- INPUT DATA -

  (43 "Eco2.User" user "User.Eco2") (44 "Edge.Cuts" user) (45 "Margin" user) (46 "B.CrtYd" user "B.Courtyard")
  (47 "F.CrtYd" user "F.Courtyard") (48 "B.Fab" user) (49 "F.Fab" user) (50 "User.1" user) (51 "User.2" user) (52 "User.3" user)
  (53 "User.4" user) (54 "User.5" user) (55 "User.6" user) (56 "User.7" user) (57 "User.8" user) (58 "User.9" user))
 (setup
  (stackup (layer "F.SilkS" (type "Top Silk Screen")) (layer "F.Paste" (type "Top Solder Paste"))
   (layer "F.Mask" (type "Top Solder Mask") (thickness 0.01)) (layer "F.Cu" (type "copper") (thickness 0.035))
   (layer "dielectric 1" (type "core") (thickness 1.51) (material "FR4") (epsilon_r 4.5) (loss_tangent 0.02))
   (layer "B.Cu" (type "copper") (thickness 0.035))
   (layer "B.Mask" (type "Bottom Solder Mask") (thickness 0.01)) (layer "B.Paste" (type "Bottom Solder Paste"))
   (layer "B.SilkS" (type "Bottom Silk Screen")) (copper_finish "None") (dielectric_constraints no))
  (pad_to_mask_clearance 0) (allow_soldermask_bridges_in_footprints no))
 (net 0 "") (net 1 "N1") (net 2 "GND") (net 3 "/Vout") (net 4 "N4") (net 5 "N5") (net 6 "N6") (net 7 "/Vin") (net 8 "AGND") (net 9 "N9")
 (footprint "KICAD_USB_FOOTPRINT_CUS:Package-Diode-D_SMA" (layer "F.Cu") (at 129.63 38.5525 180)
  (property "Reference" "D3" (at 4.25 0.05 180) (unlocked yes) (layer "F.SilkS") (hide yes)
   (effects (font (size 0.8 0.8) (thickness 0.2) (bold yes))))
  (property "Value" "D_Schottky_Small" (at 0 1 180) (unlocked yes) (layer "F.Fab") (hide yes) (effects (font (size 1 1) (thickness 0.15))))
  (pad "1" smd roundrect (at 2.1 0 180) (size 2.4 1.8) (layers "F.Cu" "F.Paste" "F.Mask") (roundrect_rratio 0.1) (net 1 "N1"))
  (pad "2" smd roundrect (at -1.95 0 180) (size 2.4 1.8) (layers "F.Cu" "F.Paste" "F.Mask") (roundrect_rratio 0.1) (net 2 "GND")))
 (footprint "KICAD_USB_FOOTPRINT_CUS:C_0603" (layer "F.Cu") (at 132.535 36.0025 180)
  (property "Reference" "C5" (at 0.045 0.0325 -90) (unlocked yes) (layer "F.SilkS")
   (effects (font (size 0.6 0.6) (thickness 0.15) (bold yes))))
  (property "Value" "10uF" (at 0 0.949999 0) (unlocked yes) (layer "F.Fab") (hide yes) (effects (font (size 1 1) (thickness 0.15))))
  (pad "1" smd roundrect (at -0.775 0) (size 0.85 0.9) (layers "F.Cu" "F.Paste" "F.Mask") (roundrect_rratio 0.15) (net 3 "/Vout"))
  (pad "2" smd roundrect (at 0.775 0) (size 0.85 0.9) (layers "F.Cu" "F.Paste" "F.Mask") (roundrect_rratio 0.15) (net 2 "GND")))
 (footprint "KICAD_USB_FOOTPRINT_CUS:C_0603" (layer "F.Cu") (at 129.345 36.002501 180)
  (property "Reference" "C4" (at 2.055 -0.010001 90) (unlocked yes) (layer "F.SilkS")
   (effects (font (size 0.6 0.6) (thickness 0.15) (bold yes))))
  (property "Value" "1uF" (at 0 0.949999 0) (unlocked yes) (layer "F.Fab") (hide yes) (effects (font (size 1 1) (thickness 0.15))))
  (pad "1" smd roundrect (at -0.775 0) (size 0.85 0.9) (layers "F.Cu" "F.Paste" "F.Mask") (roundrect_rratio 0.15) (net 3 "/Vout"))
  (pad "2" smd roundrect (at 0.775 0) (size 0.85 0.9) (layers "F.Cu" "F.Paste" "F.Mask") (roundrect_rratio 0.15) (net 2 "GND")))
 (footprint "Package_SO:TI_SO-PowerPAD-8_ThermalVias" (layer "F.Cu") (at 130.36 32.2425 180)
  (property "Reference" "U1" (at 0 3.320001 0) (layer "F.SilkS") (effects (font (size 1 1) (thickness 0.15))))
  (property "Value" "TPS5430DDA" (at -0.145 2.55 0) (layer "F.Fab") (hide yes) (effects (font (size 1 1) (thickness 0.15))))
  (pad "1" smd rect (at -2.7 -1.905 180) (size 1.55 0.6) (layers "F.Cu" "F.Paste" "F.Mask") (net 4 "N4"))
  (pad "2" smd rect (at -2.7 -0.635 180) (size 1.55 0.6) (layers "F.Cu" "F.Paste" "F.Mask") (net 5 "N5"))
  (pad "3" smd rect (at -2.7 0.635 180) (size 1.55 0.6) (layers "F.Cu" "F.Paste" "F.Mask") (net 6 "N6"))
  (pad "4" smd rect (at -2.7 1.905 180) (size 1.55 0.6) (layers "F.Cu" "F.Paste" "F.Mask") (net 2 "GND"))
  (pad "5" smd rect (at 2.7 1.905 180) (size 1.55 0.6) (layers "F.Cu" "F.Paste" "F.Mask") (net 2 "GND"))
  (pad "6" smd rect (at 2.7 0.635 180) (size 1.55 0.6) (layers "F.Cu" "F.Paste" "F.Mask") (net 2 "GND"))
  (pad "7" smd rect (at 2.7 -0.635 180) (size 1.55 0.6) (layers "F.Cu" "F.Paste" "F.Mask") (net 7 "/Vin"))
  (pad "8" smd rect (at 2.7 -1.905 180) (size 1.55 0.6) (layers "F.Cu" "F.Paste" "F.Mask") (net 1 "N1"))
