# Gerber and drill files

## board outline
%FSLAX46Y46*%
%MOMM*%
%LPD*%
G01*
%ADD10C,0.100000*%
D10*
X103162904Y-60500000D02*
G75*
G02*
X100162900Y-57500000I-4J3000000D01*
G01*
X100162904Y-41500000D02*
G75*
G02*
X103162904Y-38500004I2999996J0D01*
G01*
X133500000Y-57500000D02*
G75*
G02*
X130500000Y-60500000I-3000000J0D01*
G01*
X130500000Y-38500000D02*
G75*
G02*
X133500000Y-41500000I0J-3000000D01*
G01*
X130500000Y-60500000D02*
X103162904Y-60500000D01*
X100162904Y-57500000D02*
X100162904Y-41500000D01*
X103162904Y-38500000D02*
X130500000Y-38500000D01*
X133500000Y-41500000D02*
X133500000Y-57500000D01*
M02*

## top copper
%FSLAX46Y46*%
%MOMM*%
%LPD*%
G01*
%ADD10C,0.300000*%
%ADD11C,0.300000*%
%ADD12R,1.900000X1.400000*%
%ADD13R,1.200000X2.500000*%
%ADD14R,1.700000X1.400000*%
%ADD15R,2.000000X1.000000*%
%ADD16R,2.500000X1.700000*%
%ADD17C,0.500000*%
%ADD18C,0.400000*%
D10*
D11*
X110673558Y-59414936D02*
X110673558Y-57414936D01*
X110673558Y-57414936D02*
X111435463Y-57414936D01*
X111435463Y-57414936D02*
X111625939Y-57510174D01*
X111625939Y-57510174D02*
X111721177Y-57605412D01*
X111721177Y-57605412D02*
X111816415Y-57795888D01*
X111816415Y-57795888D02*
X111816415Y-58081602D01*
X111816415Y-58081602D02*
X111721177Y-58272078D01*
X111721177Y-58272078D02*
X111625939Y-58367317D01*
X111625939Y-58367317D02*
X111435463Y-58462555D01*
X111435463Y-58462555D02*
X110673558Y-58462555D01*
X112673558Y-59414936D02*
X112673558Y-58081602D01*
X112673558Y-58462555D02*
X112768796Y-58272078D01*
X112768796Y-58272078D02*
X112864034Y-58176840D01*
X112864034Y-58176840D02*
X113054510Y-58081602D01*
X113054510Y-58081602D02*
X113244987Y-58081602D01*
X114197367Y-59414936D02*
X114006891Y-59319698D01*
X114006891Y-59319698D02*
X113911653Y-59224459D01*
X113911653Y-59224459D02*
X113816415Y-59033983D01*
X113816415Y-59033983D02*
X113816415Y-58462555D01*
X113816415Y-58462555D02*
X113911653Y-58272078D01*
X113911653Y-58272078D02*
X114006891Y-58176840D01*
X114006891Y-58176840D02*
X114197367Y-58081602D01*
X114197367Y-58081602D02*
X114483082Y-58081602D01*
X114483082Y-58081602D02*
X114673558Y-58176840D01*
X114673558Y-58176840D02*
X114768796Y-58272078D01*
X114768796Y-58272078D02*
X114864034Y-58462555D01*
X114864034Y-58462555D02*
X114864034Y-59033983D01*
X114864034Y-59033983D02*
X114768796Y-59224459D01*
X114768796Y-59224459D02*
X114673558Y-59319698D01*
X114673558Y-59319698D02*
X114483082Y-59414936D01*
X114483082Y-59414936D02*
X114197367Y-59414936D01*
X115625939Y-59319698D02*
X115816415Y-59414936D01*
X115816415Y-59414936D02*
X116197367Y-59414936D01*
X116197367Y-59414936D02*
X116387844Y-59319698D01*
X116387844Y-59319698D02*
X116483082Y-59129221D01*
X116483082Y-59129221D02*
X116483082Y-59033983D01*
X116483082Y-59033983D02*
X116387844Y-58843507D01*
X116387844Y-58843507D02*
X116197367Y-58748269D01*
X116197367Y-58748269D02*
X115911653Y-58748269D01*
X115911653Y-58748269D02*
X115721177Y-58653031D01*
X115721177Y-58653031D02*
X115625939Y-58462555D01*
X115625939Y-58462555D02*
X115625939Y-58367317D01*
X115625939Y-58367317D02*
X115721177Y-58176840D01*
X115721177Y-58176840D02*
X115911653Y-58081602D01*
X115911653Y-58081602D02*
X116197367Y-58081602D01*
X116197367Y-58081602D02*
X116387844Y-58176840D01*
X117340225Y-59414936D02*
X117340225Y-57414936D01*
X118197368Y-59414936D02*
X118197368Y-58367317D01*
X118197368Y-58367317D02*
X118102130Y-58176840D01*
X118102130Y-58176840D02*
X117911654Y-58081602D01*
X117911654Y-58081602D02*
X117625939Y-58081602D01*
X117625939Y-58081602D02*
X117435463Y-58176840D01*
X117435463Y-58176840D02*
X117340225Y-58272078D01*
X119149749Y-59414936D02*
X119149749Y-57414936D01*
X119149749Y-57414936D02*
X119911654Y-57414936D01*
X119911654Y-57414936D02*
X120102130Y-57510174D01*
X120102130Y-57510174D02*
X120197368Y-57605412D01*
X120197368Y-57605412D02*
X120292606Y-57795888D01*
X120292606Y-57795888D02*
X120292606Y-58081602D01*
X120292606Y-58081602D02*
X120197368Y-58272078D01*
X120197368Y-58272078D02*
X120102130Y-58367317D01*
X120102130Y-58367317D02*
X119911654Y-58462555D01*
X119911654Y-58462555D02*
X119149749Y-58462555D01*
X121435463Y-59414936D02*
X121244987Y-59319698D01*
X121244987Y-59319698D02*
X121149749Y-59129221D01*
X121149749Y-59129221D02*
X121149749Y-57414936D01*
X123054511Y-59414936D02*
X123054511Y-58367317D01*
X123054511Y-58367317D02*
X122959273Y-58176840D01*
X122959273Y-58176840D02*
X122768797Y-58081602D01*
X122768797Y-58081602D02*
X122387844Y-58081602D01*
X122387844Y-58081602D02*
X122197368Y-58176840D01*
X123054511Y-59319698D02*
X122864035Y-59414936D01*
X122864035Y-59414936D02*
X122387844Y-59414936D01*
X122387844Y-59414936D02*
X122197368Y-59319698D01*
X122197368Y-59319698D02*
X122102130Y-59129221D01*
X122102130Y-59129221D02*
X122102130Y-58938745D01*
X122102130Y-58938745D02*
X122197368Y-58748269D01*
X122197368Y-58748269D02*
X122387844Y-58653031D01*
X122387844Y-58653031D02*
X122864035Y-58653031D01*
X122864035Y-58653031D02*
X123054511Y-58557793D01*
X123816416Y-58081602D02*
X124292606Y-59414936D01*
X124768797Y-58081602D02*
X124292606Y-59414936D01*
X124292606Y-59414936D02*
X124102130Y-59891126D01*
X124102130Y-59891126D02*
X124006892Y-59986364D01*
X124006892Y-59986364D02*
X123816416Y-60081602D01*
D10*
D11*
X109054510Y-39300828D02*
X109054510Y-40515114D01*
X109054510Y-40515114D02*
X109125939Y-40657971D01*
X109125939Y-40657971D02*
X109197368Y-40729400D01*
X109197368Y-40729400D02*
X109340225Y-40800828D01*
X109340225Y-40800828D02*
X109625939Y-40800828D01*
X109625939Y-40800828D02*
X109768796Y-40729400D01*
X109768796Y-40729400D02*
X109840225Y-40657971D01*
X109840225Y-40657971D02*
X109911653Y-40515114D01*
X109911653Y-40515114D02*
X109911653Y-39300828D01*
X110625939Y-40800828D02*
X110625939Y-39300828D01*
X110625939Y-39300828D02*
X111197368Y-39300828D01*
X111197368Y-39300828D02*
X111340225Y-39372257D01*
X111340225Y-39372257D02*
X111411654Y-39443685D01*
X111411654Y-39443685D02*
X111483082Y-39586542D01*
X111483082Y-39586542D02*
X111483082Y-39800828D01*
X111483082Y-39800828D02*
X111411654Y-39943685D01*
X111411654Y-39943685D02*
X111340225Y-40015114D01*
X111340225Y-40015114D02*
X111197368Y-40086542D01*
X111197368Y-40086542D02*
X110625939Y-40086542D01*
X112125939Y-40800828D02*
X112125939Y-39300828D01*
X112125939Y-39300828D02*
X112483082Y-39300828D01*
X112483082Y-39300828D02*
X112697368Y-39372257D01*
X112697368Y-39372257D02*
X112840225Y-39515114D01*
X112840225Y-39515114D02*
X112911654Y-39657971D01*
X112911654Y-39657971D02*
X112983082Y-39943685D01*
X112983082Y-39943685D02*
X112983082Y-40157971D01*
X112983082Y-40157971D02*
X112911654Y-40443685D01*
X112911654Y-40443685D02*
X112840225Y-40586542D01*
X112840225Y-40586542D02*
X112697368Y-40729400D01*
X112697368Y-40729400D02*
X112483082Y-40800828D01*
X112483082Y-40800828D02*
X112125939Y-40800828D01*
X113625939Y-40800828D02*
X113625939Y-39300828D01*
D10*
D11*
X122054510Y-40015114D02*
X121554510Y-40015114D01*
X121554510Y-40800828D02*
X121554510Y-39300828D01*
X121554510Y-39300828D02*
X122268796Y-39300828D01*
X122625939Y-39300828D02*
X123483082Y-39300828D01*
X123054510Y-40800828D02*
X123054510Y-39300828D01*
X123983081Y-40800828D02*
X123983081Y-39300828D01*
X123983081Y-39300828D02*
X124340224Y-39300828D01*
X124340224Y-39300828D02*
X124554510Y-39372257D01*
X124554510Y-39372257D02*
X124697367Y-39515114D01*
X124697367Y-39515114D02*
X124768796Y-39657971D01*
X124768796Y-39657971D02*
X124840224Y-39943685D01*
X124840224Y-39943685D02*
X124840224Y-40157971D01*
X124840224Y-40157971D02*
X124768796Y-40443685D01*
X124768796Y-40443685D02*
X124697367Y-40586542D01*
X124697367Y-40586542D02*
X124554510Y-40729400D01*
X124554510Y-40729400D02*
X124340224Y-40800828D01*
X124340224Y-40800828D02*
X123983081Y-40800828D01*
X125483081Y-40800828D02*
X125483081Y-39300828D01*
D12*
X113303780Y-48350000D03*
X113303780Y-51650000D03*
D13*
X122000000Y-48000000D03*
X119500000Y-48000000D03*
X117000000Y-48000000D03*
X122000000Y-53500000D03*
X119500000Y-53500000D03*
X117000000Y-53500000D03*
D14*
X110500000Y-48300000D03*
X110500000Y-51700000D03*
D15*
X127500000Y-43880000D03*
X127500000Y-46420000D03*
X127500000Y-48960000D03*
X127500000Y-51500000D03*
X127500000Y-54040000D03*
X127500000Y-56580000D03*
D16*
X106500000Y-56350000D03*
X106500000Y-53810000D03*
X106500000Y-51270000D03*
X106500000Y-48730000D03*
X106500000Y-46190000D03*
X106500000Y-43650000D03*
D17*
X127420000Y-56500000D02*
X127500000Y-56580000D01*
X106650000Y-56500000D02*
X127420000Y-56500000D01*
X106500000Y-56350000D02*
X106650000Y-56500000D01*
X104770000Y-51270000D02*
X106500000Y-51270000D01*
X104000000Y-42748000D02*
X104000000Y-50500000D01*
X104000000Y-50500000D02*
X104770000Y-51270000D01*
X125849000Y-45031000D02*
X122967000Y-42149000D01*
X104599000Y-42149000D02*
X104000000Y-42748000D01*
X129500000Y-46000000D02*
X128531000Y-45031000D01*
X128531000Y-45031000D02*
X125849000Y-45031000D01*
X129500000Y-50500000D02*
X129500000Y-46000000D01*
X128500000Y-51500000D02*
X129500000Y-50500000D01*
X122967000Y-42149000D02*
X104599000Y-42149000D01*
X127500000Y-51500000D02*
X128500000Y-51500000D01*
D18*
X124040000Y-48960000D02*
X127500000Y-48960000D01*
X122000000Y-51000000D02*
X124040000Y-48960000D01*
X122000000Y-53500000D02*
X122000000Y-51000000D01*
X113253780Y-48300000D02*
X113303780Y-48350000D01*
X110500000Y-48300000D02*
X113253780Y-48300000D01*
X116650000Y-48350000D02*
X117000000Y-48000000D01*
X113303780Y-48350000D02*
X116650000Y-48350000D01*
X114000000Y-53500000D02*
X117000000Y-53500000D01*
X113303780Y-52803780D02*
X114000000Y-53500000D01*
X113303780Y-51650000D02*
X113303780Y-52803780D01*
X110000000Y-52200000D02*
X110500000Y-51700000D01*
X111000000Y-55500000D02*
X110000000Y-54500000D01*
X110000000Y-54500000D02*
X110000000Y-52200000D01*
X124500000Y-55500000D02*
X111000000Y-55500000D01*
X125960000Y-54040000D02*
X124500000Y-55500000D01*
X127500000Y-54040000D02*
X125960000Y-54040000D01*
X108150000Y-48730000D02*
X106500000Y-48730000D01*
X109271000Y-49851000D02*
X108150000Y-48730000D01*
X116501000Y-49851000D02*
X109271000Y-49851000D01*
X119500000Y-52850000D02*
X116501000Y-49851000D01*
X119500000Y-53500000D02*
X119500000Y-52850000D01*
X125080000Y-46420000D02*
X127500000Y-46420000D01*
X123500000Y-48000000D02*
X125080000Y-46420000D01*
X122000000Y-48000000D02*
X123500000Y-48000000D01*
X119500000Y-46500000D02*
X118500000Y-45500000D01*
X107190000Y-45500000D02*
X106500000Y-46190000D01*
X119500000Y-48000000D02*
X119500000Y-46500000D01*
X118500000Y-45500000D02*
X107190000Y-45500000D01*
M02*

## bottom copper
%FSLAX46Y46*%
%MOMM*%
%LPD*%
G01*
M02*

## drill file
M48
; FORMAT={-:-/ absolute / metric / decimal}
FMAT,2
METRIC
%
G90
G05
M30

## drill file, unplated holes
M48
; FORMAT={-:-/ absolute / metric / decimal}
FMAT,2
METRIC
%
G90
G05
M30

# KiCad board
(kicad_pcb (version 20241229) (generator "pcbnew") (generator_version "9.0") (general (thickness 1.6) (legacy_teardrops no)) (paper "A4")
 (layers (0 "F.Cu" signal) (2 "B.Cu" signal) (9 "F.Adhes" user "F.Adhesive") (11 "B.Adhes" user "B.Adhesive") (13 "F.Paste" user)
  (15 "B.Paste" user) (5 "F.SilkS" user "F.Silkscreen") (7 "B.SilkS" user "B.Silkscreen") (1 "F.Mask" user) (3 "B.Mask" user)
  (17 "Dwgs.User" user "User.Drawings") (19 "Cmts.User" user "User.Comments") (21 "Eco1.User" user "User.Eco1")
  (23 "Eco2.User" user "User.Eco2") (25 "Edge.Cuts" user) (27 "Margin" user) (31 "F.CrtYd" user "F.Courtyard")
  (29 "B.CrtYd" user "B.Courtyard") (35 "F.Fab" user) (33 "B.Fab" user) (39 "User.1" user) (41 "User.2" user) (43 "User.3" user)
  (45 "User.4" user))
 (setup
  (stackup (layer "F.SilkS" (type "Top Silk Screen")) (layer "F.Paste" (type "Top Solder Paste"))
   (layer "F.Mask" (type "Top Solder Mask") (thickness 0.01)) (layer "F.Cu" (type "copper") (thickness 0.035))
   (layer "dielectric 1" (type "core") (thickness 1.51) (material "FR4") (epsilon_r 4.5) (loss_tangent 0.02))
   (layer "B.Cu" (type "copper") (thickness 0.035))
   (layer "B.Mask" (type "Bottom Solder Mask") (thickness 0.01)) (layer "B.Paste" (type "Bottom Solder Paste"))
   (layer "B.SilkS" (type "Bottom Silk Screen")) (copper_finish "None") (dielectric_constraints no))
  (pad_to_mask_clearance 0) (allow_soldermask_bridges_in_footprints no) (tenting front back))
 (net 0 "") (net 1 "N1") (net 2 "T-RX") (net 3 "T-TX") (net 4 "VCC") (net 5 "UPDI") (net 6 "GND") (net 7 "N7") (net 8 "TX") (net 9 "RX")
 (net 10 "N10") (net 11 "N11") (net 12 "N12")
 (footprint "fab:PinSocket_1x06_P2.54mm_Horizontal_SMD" (layer "F.Cu") (at 127.5 43.88)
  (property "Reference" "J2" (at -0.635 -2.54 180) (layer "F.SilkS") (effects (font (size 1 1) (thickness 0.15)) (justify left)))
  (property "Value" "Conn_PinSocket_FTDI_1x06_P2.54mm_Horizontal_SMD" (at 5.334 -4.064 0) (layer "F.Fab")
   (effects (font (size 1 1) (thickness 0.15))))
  (pad "1" smd rect (at 0 0) (size 2 1) (layers "F.Cu" "F.Mask" "F.Paste") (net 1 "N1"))
  (pad "2" smd rect (at 0 2.54) (size 2 1) (layers "F.Cu" "F.Mask" "F.Paste") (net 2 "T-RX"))
  (pad "3" smd rect (at 0 5.08) (size 2 1) (layers "F.Cu" "F.Mask" "F.Paste") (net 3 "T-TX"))
  (pad "4" smd rect (at 0 7.62) (size 2 1) (layers "F.Cu" "F.Mask" "F.Paste") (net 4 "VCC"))
  (pad "5" smd rect (at 0 10.16) (size 2 1) (layers "F.Cu" "F.Mask" "F.Paste") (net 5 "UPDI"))
  (pad "6" smd rect (at 0 12.7) (size 2 1) (layers "F.Cu" "F.Mask" "F.Paste") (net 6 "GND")))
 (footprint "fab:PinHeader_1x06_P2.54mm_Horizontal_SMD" (layer "F.Cu") (at 106.5 56.35 180)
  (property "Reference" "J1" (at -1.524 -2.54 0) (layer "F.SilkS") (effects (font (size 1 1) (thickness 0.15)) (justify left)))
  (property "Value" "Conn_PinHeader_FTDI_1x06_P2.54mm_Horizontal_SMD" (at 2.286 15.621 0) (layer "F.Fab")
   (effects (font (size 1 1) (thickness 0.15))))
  (pad "1" smd rect (at 0 0 180) (size 2.5 1.7) (layers "F.Cu" "F.Mask" "F.Paste") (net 6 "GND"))
  (pad "2" smd rect (at 0 2.54 180) (size 2.5 1.7) (layers "F.Cu" "F.Mask" "F.Paste") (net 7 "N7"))
  (pad "3" smd rect (at 0 5.08 180) (size 2.5 1.7) (layers "F.Cu" "F.Mask" "F.Paste") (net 4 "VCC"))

- YOUR ASSIGNMENT -
Within the material above, output exactly the lines from the one with "X120292606Y-57795888D02*" through the one with "X122102130Y-58938745D02*", end lines included, and nothing besides.

- OUTPUT -
X120292606Y-57795888D02*
X120292606Y-58081602D01*
X120292606Y-58081602D02*
X120197368Y-58272078D01*
X120197368Y-58272078D02*
X120102130Y-58367317D01*
X120102130Y-58367317D02*
X119911654Y-58462555D01*
X119911654Y-58462555D02*
X119149749Y-58462555D01*
X121435463Y-59414936D02*
X121244987Y-59319698D01*
X121244987Y-59319698D02*
X121149749Y-59129221D01*
X121149749Y-59129221D02*
X121149749Y-57414936D01*
X123054511Y-59414936D02*
X123054511Y-58367317D01*
X123054511Y-58367317D02*
X122959273Y-58176840D01*
X122959273Y-58176840D02*
X122768797Y-58081602D01*
X122768797Y-58081602D02*
X122387844Y-58081602D01*
X122387844Y-58081602D02*
X122197368Y-58176840D01*
X123054511Y-59319698D02*
X122864035Y-59414936D01*
X122864035Y-59414936D02*
X122387844Y-59414936D01*
X122387844Y-59414936D02*
X122197368Y-59319698D01*
X122197368Y-59319698D02*
X122102130Y-59129221D01*
X122102130Y-59129221D02*
X122102130Y-58938745D01*
X122102130Y-58938745D02*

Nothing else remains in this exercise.